Malam Satu Suro adalah salah satu tradisi yang sangat kental dengan kebudayaan Jawa, terutama di daerah Yogyakarta. Tradisi ini dipercaya memiliki makna dan pantangan yang kuat bagi masyarakat Jawa dan masih dipraktikkan hingga saat ini. Mengutip dari detik.com, malam satu Suro jatuh pada tanggal 1 Muharram, bulan pertama dalam penanggalan Hijriah. Pada tahun 2023 ini, malam satu Suro diperkirakan jatuh pada tanggal 18 Juli 2023.
![]() |
Ilustrasi malam satu Suro (sumber : pexels.com) |
Malam Satu Suro dipercaya memiliki kekuatan mistis dan spiritual yang tinggi. Masyarakat Jawa meyakini bahwa malam ini merupakan peralihan dari tahun yang lama ke tahun yang baru, sehingga dianggap sebagai momen yang sangat sakral. Beberapa tradisi dan pantangan dihubungkan dengan malam ini, yang diyakini akan membawa keberuntungan atau bahaya tergantung pada kepatuhan terhadap tradisi tersebut.
Berikut adalah beberapa tradisi yang biasanya dilakukan oleh masyarakat Yogyakarta dalam menyambut malam satu Suro:
1. Kirab Kebo Bule
Salah satu ritual yang paling terkenal di kalangan masyarakat untuk menyambut malam satu Suro adalah prosesi perarakan hewan kerbau yang dikenal dengan nama Kebo Bule atau Kebo Kiai Slamet. Kebo Bule bukanlah hewan biasa, karena hewan ini memiliki nilai sejarah yang penting sebagai warisan Keraton Surakarta Hadiningrat.
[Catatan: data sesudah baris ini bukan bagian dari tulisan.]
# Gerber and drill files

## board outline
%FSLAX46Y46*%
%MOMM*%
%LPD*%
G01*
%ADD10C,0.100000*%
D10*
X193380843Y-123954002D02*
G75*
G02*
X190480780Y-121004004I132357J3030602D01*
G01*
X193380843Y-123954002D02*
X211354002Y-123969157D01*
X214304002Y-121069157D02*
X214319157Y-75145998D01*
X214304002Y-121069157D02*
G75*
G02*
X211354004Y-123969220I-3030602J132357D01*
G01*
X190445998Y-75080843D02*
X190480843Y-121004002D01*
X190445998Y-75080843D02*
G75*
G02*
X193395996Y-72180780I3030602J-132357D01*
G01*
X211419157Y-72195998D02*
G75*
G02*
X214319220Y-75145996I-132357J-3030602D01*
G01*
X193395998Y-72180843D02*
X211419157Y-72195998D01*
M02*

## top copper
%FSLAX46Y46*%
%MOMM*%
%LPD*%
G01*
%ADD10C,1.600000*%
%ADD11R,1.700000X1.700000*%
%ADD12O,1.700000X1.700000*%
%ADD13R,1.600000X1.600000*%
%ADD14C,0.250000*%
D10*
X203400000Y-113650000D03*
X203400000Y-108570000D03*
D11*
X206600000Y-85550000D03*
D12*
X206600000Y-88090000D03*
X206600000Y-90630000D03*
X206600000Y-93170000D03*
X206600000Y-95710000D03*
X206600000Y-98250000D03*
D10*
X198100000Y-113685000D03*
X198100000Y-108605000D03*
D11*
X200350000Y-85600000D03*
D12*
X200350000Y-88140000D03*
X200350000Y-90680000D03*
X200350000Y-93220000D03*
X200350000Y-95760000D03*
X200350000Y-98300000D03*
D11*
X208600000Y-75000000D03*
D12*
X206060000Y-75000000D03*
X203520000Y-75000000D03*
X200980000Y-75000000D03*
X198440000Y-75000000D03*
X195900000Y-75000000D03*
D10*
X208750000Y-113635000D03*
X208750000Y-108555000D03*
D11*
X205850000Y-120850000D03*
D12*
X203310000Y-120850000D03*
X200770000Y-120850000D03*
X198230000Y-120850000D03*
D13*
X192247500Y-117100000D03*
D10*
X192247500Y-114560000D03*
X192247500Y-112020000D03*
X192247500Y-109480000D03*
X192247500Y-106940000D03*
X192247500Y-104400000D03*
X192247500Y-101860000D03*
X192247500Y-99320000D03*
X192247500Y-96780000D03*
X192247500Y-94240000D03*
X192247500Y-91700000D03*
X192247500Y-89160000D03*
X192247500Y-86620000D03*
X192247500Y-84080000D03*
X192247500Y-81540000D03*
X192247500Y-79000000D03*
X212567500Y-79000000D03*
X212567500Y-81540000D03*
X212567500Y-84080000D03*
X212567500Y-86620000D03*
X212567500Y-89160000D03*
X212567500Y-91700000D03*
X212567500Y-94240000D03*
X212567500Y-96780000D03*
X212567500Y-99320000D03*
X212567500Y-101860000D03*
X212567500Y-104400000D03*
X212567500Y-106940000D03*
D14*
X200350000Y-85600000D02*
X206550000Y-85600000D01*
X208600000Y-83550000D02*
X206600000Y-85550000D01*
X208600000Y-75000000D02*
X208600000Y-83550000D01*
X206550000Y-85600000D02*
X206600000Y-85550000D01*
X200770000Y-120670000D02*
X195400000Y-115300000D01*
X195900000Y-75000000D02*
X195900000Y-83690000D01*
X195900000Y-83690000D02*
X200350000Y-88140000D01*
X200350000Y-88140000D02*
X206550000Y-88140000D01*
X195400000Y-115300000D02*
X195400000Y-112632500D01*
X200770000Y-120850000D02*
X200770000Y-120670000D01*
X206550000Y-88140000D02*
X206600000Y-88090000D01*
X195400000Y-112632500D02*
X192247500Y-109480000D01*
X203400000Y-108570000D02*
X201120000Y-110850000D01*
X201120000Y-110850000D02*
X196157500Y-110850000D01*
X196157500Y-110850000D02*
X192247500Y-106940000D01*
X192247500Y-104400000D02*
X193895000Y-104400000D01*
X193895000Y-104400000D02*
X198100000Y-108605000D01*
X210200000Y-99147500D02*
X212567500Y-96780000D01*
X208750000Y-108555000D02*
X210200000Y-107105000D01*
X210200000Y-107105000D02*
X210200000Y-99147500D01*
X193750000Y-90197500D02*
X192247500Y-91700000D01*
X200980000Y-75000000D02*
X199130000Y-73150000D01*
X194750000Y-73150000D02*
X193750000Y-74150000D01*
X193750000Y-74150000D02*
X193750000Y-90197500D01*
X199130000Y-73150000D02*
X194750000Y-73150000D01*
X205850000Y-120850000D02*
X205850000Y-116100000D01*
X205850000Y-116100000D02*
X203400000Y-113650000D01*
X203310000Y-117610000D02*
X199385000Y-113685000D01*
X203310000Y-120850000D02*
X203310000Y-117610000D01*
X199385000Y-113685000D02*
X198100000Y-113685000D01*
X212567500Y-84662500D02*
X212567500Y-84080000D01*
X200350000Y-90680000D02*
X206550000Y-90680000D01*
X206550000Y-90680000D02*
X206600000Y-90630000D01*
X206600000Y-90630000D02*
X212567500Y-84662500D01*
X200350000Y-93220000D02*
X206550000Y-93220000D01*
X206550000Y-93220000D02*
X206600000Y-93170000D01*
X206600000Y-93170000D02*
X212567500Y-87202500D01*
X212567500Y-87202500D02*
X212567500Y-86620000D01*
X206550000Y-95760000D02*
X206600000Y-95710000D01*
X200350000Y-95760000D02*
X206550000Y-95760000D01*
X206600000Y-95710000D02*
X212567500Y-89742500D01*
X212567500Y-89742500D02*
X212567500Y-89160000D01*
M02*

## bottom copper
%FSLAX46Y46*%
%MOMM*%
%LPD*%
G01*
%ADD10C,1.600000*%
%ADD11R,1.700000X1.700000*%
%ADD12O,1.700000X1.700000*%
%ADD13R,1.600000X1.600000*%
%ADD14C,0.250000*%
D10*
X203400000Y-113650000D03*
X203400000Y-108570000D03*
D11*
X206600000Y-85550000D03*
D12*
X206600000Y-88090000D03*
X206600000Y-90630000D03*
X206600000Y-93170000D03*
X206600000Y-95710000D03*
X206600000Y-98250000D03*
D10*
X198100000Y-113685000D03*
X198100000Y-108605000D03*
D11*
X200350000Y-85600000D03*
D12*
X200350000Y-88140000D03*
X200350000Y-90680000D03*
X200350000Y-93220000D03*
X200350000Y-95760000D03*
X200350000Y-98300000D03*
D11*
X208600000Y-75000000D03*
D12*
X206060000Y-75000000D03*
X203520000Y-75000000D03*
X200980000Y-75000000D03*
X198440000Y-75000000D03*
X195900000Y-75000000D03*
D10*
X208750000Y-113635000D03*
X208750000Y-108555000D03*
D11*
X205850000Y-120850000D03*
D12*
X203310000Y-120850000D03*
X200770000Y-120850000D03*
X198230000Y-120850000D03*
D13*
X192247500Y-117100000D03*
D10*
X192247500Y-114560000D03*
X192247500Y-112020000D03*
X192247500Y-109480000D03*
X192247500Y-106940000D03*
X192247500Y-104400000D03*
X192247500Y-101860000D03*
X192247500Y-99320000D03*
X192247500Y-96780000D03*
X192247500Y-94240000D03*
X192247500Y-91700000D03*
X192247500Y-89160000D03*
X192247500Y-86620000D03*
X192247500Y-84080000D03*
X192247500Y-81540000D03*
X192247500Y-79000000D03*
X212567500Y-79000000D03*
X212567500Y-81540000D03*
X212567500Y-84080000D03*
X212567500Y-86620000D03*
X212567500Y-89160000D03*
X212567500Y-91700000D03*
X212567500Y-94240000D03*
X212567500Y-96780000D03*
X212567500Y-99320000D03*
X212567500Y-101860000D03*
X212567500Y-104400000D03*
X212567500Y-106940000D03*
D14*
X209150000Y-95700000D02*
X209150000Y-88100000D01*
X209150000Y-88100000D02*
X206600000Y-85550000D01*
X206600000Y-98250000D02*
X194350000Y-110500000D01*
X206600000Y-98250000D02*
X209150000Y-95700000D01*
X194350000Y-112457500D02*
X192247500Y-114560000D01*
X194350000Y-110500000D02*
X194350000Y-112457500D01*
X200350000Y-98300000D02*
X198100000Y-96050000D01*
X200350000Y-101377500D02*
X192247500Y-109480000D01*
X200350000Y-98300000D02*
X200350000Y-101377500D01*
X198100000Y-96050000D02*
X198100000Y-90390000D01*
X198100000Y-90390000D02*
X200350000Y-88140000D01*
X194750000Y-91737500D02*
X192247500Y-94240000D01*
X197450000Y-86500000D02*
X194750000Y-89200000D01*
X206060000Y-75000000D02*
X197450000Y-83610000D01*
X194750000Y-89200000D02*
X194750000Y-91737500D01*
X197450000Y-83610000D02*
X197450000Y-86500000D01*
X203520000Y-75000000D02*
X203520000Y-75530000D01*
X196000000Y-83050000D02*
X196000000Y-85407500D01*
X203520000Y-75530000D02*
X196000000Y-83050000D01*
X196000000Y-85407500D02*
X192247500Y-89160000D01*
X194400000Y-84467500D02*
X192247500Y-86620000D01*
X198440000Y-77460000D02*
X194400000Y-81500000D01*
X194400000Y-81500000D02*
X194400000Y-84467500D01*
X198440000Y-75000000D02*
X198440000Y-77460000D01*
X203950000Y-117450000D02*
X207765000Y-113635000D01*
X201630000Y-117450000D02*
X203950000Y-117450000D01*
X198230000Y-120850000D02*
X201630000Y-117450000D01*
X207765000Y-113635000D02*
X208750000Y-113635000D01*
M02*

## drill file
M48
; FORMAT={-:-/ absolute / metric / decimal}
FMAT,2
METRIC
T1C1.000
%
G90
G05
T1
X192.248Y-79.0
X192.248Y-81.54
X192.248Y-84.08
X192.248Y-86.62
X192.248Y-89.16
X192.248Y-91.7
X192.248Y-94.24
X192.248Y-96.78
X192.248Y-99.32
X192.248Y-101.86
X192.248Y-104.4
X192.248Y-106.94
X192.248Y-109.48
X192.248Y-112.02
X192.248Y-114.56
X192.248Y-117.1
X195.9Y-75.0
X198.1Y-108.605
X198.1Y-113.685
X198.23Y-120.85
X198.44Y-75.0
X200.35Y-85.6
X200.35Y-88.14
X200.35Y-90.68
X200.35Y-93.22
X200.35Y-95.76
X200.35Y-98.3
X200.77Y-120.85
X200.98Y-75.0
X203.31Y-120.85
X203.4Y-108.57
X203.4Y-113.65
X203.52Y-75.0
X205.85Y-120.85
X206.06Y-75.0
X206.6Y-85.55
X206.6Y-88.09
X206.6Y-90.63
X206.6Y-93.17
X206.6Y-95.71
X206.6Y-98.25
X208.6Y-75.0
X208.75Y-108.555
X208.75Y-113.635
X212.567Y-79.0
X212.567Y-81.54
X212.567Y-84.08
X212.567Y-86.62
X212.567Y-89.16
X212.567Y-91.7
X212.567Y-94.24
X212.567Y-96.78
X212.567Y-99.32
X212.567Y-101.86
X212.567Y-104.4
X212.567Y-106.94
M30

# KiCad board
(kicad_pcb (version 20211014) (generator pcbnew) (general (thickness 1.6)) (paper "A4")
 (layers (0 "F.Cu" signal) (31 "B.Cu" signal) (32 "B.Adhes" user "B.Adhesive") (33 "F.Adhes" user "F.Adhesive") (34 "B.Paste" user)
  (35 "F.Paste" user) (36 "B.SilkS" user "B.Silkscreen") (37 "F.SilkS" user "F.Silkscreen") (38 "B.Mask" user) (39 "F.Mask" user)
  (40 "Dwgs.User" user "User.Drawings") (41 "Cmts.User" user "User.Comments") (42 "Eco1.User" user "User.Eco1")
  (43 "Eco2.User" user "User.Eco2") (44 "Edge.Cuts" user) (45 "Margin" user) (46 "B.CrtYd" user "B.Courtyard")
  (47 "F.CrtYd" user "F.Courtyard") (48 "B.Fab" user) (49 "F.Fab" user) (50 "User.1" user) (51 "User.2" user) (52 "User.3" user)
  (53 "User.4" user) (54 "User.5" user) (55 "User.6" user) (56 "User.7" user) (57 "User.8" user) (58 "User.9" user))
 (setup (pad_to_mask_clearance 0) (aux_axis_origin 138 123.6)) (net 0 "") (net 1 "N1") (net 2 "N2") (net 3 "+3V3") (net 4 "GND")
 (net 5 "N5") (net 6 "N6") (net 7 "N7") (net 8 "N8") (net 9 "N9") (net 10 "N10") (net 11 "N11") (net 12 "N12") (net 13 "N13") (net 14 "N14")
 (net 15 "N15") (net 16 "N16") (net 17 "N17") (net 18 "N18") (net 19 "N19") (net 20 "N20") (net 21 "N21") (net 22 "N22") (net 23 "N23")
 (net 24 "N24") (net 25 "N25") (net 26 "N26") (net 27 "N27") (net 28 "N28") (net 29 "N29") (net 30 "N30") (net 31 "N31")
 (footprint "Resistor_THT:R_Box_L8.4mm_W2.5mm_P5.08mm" (layer "F.Cu") (at 203.4 113.65 90)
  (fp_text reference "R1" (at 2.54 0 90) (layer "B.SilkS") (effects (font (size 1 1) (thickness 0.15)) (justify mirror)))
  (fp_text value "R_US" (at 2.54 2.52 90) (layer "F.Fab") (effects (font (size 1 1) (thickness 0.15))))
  (pad "1" thru_hole circle (at 0 0 90) (size 1.6 1.6) (drill 1) (layers *.Cu *.Mask) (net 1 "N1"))
  (pad "2" thru_hole circle (at 5.08 0 90) (size 1.6 1.6) (drill 1) (layers *.Cu *.Mask) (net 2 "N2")))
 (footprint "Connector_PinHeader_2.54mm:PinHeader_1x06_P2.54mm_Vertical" (layer "F.Cu") (at 206.6 85.55)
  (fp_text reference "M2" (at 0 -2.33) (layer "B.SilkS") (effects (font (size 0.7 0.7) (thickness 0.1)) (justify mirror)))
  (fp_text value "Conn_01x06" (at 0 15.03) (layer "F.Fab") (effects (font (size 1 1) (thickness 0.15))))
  (pad "1" thru_hole rect (at 0 0) (size 1.7 1.7) (drill 1) (layers *.Cu *.Mask) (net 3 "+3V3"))
  (pad "2" thru_hole oval (at 0 2.54) (size 1.7 1.7) (drill 1) (layers *.Cu *.Mask) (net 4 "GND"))
  (pad "3" thru_hole oval (at 0 5.08) (size 1.7 1.7) (drill 1) (layers *.Cu *.Mask) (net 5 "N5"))
  (pad "4" thru_hole oval (at 0 7.62) (size 1.7 1.7) (drill 1) (layers *.Cu *.Mask) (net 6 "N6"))
  (pad "5" thru_hole oval (at 0 10.16) (size 1.7 1.7) (drill 1) (layers *.Cu *.Mask) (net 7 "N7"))
  (pad "6" thru_hole oval (at 0 12.7) (size 1.7 1.7) (drill 1) (layers *.Cu *.Mask) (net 3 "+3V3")))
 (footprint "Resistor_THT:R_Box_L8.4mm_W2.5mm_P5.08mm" (layer "F.Cu") (at 198.1 113.685 90)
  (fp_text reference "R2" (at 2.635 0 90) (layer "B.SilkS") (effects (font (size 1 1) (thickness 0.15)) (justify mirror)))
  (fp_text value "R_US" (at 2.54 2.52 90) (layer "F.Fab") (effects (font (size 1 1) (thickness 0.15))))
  (pad "1" thru_hole circle (at 0 0 90) (size 1.6 1.6) (drill 1) (layers *.Cu *.Mask) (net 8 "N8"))
  (pad "2" thru_hole circle (at 5.08 0 90) (size 1.6 1.6) (drill 1) (layers *.Cu *.Mask) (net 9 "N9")))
Hewan kerbau dengan kulit berwarna putih kemerahan tersebut memiliki ikatan erat dengan masa lalu sebagai hewan kesayangan Paku Buwono II.
2. Mubeng Beteng dan Tapa Bisu
Mubeng Beteng atau juga dikenal sebagai Hajad Kawula Dalem Mubeng Beteng adalah sebuah ritual yang diadakan oleh Keraton Yogyakarta pada malam satu Suro. Tradisi malam satu Suro ini melibatkan perjalanan berjalan kaki mengelilingi dinding benteng Keraton Yogyakarta. Selama menjalani ritual ini, peserta dilarang berbicara atau melakukan tapa bisu. Ritual mubeng beteng ini biasanya dilakukan mulai tengah malam hingga dini hari malam satu Suro. Para abdi dalem dan peserta ritual berjalan kaki sejauh kira-kira lima kilometer mengelilingi benteng Keraton Yogyakarta. Mubeng beteng memiliki makna sebagai upaya manusia untuk mendekatkan diri kepada Tuhan, serta membersihkan dan mengendalikan diri dari segala keinginan duniawi.
3. Sedekah Laut
Ritual sedekah laut dimulai dengan upacara atau perayaan yang diikuti oleh semua penduduk yang mencari nafkah di sekitar pantai. Setelah perayaan selesai, makanan dan tumpukan hasil bumi dibawa oleh penduduk yang mengenakan pakaian adat. Ketika mereka tiba di tepi pantai, seorang tokoh tua atau yang dihormati oleh penduduk sekitar memimpin ritual dengan doa. Dengan menyebarkan bunga dan beberapa persembahan, empat tumpukan kemudian diletakkan di atas kapal nelayan untuk kemudian dibawa ke tengah laut. Makna dari ritual ini adalah ungkapan rasa syukur dan harapan untuk mendapatkan rezeki yang lebih baik di tahun mendatang.